Your objective: Each record should be retyped word for word.

• • • • • • •

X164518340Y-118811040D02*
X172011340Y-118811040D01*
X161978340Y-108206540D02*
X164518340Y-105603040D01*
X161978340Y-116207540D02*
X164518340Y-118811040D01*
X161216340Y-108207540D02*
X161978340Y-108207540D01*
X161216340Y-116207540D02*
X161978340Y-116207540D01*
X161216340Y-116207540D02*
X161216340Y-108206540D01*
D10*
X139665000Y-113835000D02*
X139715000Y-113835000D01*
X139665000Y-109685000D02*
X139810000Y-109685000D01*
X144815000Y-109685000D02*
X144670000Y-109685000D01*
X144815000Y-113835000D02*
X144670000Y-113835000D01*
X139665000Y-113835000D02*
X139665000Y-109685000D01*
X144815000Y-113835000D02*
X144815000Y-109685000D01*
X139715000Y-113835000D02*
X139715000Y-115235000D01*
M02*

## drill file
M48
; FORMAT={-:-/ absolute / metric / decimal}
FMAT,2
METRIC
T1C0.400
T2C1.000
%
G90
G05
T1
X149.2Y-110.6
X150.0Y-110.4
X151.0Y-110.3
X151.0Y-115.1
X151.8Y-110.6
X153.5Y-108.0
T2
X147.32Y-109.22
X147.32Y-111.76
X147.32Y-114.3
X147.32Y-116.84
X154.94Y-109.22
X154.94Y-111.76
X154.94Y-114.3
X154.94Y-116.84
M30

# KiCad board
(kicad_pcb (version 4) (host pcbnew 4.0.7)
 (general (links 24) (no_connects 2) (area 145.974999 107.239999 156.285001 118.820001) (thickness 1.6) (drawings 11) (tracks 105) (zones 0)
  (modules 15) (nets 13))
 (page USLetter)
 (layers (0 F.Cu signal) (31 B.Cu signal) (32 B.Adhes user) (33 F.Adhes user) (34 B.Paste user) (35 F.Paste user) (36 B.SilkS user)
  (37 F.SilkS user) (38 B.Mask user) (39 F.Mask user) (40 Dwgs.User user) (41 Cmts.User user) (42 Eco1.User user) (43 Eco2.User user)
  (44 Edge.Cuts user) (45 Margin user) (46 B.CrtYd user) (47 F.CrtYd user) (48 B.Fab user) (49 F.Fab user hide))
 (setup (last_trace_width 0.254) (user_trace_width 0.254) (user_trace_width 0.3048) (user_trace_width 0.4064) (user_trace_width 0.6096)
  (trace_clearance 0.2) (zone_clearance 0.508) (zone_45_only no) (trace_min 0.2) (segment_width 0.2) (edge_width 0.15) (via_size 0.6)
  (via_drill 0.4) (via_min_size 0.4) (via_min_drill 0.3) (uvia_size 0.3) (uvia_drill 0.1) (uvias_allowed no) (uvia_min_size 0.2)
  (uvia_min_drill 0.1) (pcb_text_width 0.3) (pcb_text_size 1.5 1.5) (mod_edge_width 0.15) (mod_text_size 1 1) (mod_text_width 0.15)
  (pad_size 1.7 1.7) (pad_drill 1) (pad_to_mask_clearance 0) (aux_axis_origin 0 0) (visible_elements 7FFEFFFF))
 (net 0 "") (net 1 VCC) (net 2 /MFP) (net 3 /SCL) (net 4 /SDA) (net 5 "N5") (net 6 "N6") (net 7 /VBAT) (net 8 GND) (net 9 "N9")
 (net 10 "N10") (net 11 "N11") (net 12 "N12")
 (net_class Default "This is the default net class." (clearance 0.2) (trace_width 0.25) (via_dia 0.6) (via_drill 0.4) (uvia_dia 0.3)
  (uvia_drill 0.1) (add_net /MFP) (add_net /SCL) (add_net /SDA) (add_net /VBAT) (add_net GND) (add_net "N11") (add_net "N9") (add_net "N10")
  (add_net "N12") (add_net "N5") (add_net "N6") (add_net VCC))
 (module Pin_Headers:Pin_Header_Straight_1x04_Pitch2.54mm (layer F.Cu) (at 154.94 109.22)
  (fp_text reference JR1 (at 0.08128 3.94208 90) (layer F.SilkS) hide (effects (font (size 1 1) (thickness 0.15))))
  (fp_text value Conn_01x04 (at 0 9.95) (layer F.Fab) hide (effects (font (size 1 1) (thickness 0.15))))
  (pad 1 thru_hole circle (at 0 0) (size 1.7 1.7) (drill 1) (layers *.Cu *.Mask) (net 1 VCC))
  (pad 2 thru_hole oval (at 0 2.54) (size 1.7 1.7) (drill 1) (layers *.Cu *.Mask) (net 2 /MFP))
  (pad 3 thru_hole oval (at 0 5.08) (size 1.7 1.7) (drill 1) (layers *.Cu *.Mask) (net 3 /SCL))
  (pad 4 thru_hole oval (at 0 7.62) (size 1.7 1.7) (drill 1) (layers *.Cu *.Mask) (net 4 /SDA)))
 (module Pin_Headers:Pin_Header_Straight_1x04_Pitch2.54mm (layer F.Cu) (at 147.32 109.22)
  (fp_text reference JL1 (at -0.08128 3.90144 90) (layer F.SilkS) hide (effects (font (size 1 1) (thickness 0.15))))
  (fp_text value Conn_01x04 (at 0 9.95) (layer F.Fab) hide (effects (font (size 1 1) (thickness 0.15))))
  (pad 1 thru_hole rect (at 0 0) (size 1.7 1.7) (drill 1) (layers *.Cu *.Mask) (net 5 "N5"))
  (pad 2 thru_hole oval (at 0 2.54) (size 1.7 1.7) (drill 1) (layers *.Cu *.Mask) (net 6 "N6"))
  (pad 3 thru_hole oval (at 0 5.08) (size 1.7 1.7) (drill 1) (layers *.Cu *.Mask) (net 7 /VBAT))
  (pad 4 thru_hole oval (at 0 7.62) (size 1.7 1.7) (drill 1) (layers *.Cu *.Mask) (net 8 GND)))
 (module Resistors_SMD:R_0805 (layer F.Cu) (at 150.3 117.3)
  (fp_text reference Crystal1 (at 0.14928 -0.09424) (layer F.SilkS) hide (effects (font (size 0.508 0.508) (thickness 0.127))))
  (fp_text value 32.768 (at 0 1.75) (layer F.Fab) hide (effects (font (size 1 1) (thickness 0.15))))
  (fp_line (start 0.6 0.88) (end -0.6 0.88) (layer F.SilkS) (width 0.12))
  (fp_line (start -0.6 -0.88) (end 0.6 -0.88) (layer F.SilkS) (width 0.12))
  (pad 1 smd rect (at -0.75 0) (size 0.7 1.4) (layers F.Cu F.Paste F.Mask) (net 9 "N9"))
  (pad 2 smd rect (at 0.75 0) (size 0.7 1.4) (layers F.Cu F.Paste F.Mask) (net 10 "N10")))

• • • • • • •

Solved problem:
X164518340Y-118811040D02*
X172011340Y-118811040D01*
X161978340Y-108206540D02*
X164518340Y-105603040D01*
X161978340Y-116207540D02*
X164518340Y-118811040D01*
X161216340Y-108207540D02*
X161978340Y-108207540D01*
X161216340Y-116207540D02*
X161978340Y-116207540D01*
X161216340Y-116207540D02*
X161216340Y-108206540D01*
D10*
X139665000Y-113835000D02*
X139715000Y-113835000D01*
X139665000Y-109685000D02*
X139810000Y-109685000D01*
X144815000Y-109685000D02*
X144670000Y-109685000D01*
X144815000Y-113835000D02*
X144670000Y-113835000D01*
X139665000Y-113835000D02*
X139665000Y-109685000D01*
X144815000Y-113835000D02*
X144815000Y-109685000D01*
X139715000Y-113835000D02*
X139715000Y-115235000D01*
M02*

## drill file
M48
; FORMAT={-:-/ absolute / metric / decimal}
FMAT,2
METRIC
T1C0.400
T2C1.000
%
G90
G05
T1
X149.2Y-110.6
X150.0Y-110.4
X151.0Y-110.3
X151.0Y-115.1
X151.8Y-110.6
X153.5Y-108.0
T2
X147.32Y-109.22
X147.32Y-111.76
X147.32Y-114.3
X147.32Y-116.84
X154.94Y-109.22
X154.94Y-111.76
X154.94Y-114.3
X154.94Y-116.84
M30

# KiCad board
(kicad_pcb (version 4) (host pcbnew 4.0.7)
 (general (links 24) (no_connects 2) (area 145.974999 107.239999 156.285001 118.820001) (thickness 1.6) (drawings 11) (tracks 105) (zones 0)
  (modules 15) (nets 13))
 (page USLetter)
 (layers (0 F.Cu signal) (31 B.Cu signal) (32 B.Adhes user) (33 F.Adhes user) (34 B.Paste user) (35 F.Paste user) (36 B.SilkS user)
  (37 F.SilkS user) (38 B.Mask user) (39 F.Mask user) (40 Dwgs.User user) (41 Cmts.User user) (42 Eco1.User user) (43 Eco2.User user)
  (44 Edge.Cuts user) (45 Margin user) (46 B.CrtYd user) (47 F.CrtYd user) (48 B.Fab user) (49 F.Fab user hide))
 (setup (last_trace_width 0.254) (user_trace_width 0.254) (user_trace_width 0.3048) (user_trace_width 0.4064) (user_trace_width 0.6096)
  (trace_clearance 0.2) (zone_clearance 0.508) (zone_45_only no) (trace_min 0.2) (segment_width 0.2) (edge_width 0.15) (via_size 0.6)
  (via_drill 0.4) (via_min_size 0.4) (via_min_drill 0.3) (uvia_size 0.3) (uvia_drill 0.1) (uvias_allowed no) (uvia_min_size 0.2)
  (uvia_min_drill 0.1) (pcb_text_width 0.3) (pcb_text_size 1.5 1.5) (mod_edge_width 0.15) (mod_text_size 1 1) (mod_text_width 0.15)
  (pad_size 1.7 1.7) (pad_drill 1) (pad_to_mask_clearance 0) (aux_axis_origin 0 0) (visible_elements 7FFEFFFF))
 (net 0 "") (net 1 VCC) (net 2 /MFP) (net 3 /SCL) (net 4 /SDA) (net 5 "N5") (net 6 "N6") (net 7 /VBAT) (net 8 GND) (net 9 "N9")
 (net 10 "N10") (net 11 "N11") (net 12 "N12")
 (net_class Default "This is the default net class." (clearance 0.2) (trace_width 0.25) (via_dia 0.6) (via_drill 0.4) (uvia_dia 0.3)
  (uvia_drill 0.1) (add_net /MFP) (add_net /SCL) (add_net /SDA) (add_net /VBAT) (add_net GND) (add_net "N11") (add_net "N9") (add_net "N10")
  (add_net "N12") (add_net "N5") (add_net "N6") (add_net VCC))
 (module Pin_Headers:Pin_Header_Straight_1x04_Pitch2.54mm (layer F.Cu) (at 154.94 109.22)
  (fp_text reference JR1 (at 0.08128 3.94208 90) (layer F.SilkS) hide (effects (font (size 1 1) (thickness 0.15))))
  (fp_text value Conn_01x04 (at 0 9.95) (layer F.Fab) hide (effects (font (size 1 1) (thickness 0.15))))
  (pad 1 thru_hole circle (at 0 0) (size 1.7 1.7) (drill 1) (layers *.Cu *.Mask) (net 1 VCC))
  (pad 2 thru_hole oval (at 0 2.54) (size 1.7 1.7) (drill 1) (layers *.Cu *.Mask) (net 2 /MFP))
  (pad 3 thru_hole oval (at 0 5.08) (size 1.7 1.7) (drill 1) (layers *.Cu *.Mask) (net 3 /SCL))
  (pad 4 thru_hole oval (at 0 7.62) (size 1.7 1.7) (drill 1) (layers *.Cu *.Mask) (net 4 /SDA)))
 (module Pin_Headers:Pin_Header_Straight_1x04_Pitch2.54mm (layer F.Cu) (at 147.32 109.22)
  (fp_text reference JL1 (at -0.08128 3.90144 90) (layer F.SilkS) hide (effects (font (size 1 1) (thickness 0.15))))
  (fp_text value Conn_01x04 (at 0 9.95) (layer F.Fab) hide (effects (font (size 1 1) (thickness 0.15))))
  (pad 1 thru_hole rect (at 0 0) (size 1.7 1.7) (drill 1) (layers *.Cu *.Mask) (net 5 "N5"))
  (pad 2 thru_hole oval (at 0 2.54) (size 1.7 1.7) (drill 1) (layers *.Cu *.Mask) (net 6 "N6"))
  (pad 3 thru_hole oval (at 0 5.08) (size 1.7 1.7) (drill 1) (layers *.Cu *.Mask) (net 7 /VBAT))
  (pad 4 thru_hole oval (at 0 7.62) (size 1.7 1.7) (drill 1) (layers *.Cu *.Mask) (net 8 GND)))
 (module Resistors_SMD:R_0805 (layer F.Cu) (at 150.3 117.3)
  (fp_text reference Crystal1 (at 0.14928 -0.09424) (layer F.SilkS) hide (effects (font (size 0.508 0.508) (thickness 0.127))))
  (fp_text value 32.768 (at 0 1.75) (layer F.Fab) hide (effects (font (size 1 1) (thickness 0.15))))
  (fp_line (start 0.6 0.88) (end -0.6 0.88) (layer F.SilkS) (width 0.12))
  (fp_line (start -0.6 -0.88) (end 0.6 -0.88) (layer F.SilkS) (width 0.12))
  (pad 1 smd rect (at -0.75 0) (size 0.7 1.4) (layers F.Cu F.Paste F.Mask) (net 9 "N9"))
  (pad 2 smd rect (at 0.75 0) (size 0.7 1.4) (layers F.Cu F.Paste F.Mask) (net 10 "N10")))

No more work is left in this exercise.